Oneiroi ignored it all. What caught its attention wasn't the scene, but what lay beneath it. The hole the Mayor left.

The probe descended, and Three Portlands faded behind it. The substance of the world grew cold. The hole went all the way down, from Three Portlands to… something else.

Oneiroi became aware of this thing, and realized it was not alone.

The presence was static, but massive. It stretched upwards to infinity.

It regarded Oneiroi with an eyeless gaze, approached it with fiery apathy. A disregard so potent that Oneiroi almost ceased to exist.

It was intersecting Three Portlands at a right angle. It had crushed the Mayor. Oneiroi would be next. Then Three Portlands would curl up, like the petals of a closing flower, and combust.

The static presence enroached on the probe's concept, but Oneiroi was already recoiling, snapping back like a stretched rubber band.

It flew out of the pit, ignoring the void bubbles swelling in its stream of consciousness.

It tore its tentacles from each of its Three Portlands clients, leaving only a generic message highlighting the portion of Oneiroi Inc.'s waivers that declared the cessation of service in the event of an apocalypse.

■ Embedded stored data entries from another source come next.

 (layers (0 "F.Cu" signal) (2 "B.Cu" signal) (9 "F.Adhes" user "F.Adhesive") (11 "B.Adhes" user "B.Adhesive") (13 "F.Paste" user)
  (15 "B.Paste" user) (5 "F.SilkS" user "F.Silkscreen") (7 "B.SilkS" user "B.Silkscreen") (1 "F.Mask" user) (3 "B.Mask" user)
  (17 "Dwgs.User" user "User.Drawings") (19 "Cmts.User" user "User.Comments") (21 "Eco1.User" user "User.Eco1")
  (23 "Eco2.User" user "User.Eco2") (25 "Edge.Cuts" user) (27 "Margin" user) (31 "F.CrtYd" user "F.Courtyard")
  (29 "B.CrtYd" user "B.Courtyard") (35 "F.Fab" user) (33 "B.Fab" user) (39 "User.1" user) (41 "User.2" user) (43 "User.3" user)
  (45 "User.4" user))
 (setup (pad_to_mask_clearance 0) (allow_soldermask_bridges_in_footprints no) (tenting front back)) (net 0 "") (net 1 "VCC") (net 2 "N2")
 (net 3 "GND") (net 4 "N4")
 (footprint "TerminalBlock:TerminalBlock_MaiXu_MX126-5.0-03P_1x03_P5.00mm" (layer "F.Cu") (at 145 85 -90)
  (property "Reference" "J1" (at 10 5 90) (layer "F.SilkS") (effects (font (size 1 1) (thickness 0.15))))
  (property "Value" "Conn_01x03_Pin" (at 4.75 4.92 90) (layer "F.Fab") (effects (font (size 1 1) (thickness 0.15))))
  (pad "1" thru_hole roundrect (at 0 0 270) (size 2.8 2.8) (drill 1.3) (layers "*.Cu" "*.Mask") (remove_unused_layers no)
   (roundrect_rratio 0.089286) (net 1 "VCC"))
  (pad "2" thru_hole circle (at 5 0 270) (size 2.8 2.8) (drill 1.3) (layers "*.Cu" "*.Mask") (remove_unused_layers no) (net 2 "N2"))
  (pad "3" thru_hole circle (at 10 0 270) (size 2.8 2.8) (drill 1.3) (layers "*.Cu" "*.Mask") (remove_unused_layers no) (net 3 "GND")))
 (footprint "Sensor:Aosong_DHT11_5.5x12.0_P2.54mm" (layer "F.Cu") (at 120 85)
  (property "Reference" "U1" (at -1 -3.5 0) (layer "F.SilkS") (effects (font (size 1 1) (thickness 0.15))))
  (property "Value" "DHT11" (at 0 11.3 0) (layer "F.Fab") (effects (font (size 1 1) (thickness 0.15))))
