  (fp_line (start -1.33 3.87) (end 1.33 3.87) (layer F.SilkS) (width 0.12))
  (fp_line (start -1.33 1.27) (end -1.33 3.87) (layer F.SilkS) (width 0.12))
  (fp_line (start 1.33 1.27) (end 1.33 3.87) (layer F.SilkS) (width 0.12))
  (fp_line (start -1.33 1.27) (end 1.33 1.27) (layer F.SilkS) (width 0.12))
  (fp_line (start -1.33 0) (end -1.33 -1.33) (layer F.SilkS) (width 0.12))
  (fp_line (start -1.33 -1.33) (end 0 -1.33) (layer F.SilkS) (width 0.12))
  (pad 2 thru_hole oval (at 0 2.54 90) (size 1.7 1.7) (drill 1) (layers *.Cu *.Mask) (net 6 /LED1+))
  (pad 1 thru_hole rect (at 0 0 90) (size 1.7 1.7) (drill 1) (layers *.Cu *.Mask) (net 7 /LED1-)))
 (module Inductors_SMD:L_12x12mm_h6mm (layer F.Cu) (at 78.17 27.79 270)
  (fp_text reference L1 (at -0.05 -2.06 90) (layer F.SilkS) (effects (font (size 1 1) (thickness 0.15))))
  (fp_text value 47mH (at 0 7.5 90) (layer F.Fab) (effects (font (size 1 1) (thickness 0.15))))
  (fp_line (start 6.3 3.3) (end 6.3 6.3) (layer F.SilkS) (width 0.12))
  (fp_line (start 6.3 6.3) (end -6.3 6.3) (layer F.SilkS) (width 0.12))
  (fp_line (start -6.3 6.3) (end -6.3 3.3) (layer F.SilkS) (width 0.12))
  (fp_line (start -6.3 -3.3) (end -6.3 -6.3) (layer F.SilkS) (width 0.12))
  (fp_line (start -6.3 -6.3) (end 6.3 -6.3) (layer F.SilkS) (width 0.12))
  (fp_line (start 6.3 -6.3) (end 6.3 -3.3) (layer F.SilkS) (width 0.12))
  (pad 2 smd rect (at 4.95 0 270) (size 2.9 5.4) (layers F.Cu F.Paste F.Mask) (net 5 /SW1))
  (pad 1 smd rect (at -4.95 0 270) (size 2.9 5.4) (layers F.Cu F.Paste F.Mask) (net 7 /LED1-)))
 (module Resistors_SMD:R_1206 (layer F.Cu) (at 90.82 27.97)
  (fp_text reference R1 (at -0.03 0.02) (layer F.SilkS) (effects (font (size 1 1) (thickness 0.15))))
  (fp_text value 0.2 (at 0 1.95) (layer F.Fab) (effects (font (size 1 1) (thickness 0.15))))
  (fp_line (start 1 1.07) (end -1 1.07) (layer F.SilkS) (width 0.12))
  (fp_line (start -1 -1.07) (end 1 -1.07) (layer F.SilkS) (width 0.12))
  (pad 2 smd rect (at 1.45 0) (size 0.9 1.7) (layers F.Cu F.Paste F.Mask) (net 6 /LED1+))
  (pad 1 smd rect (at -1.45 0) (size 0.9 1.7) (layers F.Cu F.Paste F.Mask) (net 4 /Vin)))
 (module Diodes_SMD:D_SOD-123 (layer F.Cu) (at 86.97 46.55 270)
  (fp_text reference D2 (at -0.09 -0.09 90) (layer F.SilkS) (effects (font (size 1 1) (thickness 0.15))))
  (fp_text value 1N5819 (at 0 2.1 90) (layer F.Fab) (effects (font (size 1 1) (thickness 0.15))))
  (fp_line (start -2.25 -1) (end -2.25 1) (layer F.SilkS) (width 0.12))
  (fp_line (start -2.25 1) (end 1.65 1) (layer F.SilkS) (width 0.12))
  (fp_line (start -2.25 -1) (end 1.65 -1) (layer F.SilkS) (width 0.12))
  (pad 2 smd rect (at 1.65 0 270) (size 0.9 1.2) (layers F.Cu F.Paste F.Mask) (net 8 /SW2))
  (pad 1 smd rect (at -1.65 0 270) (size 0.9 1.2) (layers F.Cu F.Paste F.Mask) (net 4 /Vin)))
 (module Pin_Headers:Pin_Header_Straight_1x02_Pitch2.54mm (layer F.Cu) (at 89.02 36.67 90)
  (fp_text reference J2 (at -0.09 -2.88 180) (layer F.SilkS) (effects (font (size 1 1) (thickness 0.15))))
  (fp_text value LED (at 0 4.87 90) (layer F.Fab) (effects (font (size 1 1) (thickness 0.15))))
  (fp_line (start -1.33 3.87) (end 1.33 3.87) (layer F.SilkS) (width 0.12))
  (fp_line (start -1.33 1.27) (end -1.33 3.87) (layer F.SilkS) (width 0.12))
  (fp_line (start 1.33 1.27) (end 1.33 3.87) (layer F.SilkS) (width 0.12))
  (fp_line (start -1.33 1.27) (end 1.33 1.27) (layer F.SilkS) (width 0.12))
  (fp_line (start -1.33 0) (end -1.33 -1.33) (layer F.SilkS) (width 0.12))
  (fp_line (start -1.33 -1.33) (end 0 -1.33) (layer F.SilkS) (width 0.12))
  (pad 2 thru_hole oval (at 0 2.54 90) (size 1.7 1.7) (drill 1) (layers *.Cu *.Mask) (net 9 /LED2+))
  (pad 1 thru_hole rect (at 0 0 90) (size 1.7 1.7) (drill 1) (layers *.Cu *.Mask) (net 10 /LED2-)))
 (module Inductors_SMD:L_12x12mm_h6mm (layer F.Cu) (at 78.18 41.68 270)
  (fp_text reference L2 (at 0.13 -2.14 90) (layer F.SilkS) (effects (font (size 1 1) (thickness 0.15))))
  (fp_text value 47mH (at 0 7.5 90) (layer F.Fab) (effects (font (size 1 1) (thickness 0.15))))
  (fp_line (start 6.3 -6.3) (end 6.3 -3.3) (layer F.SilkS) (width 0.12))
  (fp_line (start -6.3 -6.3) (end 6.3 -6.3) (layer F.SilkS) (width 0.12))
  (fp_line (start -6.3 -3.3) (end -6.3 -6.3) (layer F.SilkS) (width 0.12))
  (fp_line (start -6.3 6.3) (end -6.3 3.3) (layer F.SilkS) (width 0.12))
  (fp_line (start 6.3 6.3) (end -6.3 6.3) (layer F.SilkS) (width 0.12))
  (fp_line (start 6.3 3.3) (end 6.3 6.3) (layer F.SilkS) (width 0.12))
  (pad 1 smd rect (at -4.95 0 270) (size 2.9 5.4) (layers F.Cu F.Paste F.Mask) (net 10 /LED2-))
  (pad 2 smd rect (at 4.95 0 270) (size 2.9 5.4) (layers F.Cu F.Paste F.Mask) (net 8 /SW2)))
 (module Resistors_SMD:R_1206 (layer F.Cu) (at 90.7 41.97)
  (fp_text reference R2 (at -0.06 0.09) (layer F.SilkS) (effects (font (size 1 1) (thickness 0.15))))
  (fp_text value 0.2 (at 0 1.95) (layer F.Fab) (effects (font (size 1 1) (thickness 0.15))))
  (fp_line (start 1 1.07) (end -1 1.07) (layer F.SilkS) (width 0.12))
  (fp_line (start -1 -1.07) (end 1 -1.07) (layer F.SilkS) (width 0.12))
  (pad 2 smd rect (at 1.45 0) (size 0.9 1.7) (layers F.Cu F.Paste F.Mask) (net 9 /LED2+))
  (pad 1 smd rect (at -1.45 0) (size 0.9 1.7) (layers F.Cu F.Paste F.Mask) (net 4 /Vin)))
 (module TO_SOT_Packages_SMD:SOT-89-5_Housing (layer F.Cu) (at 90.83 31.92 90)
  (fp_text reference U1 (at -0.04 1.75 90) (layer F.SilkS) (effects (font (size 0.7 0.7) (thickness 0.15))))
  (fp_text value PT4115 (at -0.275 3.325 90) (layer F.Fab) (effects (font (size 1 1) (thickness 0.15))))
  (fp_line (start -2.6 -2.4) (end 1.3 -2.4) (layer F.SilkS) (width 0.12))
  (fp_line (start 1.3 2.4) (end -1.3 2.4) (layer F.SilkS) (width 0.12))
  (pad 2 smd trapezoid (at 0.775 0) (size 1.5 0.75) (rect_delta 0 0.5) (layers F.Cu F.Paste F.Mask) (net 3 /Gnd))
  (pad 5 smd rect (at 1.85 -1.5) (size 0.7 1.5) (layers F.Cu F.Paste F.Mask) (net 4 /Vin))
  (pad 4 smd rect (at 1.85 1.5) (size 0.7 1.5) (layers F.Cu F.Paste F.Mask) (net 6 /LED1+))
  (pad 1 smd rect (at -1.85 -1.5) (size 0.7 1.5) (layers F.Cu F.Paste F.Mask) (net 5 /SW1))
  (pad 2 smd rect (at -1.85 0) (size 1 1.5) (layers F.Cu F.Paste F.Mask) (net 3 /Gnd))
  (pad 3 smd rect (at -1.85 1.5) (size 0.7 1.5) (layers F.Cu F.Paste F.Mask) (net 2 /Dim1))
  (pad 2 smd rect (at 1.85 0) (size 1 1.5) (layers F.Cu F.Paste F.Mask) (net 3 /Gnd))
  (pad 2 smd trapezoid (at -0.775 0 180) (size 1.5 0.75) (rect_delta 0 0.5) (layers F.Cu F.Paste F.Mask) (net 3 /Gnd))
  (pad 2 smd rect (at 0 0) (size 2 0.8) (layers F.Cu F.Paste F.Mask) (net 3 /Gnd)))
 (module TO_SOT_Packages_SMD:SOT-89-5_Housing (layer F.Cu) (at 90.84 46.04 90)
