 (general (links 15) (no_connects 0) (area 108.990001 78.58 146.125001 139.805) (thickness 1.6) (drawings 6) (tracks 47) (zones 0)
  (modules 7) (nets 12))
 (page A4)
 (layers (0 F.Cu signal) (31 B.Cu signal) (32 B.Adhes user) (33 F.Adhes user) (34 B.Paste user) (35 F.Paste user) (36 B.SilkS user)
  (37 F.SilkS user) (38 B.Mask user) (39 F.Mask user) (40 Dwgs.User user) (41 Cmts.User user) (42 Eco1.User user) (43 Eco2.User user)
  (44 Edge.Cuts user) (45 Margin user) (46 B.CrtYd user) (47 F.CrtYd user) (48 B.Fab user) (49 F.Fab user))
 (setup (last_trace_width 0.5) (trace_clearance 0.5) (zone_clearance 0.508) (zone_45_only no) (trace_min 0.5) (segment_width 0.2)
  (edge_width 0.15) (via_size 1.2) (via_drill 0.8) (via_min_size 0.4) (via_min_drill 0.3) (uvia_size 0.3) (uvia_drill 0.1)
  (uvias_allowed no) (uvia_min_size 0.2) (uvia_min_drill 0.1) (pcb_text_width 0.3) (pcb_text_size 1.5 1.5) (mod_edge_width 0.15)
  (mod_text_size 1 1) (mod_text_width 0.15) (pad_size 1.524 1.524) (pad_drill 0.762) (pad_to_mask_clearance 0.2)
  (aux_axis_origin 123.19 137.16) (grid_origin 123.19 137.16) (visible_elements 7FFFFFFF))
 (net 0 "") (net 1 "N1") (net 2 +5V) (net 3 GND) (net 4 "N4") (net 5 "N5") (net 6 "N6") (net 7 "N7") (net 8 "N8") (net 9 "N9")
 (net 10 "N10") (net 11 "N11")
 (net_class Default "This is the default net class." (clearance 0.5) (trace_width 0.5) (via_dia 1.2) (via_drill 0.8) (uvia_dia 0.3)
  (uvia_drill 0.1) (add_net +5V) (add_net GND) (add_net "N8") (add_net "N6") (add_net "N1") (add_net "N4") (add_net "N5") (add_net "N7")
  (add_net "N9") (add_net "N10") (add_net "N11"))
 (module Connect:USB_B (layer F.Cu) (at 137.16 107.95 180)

It shut down each wing of the Oneiroi HQ, leaving the kiosks and slumberpods and freshwater fish in darkness.

It slid into the vault at the center of the building and wormed into the dimensional pinhole atop the pillar. Every part of its vast body retreated through the exit, away from Three Portlands and into the void between worlds. At last, Oneiroi was safe. Home, sweet home.

Behind it, Three Portlands continued to burn.